▸ **Work order**
Please copy each line of the data that includes the string "layers".

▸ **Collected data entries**

#####

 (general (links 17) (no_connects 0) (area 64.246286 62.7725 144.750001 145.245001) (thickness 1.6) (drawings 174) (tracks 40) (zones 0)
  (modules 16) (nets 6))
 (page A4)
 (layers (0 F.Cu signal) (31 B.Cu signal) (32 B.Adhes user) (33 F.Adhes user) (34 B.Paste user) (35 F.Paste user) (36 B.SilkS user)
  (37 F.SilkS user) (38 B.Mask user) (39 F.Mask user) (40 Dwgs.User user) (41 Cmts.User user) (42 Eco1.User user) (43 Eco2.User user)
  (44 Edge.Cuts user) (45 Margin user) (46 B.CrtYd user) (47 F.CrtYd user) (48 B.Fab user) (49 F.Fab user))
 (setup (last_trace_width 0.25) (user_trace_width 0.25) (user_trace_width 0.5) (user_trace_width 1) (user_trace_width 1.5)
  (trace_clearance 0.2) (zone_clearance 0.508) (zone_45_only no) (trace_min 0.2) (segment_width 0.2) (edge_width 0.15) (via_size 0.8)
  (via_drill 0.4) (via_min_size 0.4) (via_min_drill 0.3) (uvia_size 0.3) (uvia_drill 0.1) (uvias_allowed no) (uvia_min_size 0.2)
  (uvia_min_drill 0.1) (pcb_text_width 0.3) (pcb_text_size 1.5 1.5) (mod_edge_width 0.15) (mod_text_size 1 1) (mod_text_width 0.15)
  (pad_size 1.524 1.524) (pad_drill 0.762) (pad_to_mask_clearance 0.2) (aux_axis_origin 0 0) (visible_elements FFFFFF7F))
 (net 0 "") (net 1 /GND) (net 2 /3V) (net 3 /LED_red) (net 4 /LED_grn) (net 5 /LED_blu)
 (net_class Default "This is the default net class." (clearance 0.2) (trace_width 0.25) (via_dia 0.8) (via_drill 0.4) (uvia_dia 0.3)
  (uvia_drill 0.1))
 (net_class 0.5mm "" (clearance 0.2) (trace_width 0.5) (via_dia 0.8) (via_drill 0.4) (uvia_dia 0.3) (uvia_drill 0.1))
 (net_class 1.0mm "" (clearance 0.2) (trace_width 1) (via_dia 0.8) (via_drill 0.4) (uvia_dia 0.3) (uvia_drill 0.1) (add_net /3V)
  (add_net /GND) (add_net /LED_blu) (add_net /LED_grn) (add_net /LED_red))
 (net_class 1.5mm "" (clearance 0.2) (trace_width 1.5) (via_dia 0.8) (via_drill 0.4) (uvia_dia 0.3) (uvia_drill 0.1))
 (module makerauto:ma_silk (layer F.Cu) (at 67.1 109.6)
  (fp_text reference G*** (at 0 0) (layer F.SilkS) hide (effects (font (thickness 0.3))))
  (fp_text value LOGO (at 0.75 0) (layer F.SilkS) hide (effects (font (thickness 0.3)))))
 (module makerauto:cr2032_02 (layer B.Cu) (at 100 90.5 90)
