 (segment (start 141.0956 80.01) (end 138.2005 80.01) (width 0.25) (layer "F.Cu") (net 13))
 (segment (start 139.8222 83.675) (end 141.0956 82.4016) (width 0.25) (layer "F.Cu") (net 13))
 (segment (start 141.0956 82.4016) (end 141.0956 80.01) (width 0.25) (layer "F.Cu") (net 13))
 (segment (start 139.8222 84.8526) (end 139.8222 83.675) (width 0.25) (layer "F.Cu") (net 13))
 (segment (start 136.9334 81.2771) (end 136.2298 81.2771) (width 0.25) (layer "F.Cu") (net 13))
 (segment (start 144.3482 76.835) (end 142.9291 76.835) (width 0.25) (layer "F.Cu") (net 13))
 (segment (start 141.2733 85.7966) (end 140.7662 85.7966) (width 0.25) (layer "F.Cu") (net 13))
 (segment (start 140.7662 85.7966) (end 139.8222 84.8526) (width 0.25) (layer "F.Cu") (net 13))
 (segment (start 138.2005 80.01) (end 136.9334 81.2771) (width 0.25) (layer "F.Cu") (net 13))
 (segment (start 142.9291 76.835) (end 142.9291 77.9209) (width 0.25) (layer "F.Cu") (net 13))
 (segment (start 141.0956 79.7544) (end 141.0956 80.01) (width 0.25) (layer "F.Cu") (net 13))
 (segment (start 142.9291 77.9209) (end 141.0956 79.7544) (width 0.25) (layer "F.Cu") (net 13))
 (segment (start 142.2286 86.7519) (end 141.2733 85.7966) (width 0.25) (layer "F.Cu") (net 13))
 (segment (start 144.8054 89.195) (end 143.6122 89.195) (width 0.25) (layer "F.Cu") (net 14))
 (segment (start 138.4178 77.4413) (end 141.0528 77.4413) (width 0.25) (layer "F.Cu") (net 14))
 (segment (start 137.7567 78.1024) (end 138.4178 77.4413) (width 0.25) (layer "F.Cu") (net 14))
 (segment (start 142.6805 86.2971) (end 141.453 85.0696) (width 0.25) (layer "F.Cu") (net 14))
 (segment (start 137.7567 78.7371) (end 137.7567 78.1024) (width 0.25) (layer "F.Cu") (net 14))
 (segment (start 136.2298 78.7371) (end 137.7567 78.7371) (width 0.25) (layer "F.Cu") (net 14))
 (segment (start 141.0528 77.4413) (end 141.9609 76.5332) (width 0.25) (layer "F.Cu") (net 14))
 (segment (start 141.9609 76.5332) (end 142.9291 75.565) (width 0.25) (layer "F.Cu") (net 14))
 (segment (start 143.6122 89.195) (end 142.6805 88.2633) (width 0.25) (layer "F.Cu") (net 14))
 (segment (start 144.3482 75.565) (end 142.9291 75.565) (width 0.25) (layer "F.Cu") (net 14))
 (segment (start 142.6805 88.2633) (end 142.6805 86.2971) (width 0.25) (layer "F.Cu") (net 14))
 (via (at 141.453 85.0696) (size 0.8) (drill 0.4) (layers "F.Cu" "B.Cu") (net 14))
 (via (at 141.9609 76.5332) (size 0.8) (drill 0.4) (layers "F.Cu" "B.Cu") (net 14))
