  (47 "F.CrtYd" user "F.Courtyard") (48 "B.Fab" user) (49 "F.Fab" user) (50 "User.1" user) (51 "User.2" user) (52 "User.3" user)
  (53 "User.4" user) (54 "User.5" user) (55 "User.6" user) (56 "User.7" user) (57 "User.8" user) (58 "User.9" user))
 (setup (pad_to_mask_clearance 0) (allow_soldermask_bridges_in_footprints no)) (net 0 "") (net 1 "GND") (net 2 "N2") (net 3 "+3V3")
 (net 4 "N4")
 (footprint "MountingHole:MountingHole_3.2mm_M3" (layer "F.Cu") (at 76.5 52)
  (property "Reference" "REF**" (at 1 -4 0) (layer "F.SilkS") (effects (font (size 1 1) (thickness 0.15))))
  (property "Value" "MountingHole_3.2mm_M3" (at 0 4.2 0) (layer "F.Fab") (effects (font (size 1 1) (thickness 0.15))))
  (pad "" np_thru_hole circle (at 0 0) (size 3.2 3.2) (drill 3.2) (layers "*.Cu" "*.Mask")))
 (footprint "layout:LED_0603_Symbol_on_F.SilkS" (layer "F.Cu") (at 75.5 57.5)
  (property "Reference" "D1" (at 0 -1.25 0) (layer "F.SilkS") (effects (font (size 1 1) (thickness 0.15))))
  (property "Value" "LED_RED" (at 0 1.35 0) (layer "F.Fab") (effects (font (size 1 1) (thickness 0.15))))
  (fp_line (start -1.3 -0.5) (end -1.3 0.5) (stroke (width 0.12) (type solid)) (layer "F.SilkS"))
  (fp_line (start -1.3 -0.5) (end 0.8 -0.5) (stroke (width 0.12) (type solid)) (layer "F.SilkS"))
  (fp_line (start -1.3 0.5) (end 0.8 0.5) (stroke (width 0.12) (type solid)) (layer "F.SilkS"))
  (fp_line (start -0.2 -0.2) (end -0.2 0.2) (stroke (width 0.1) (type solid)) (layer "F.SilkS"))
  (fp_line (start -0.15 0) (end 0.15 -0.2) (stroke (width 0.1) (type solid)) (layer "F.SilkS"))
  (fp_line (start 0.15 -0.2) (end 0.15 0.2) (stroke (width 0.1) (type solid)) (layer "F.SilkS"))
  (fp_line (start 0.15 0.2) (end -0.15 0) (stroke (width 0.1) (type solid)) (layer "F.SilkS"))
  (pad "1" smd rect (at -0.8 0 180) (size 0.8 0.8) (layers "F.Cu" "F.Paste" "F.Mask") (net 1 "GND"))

#####

▸ **Answer to this problem**
 (layers (0 F.Cu signal) (31 B.Cu signal) (32 B.Adhes user) (33 F.Adhes user) (34 B.Paste user) (35 F.Paste user) (36 B.SilkS user)
 (via (at 141.453 85.0696) (size 0.8) (drill 0.4) (layers "F.Cu" "B.Cu") (net 14))
 (via (at 141.9609 76.5332) (size 0.8) (drill 0.4) (layers "F.Cu" "B.Cu") (net 14))
  (pad "" np_thru_hole circle (at 0 0) (size 3.2 3.2) (drill 3.2) (layers "*.Cu" "*.Mask")))
  (pad "1" smd rect (at -0.8 0 180) (size 0.8 0.8) (layers "F.Cu" "F.Paste" "F.Mask") (net 1 "GND"))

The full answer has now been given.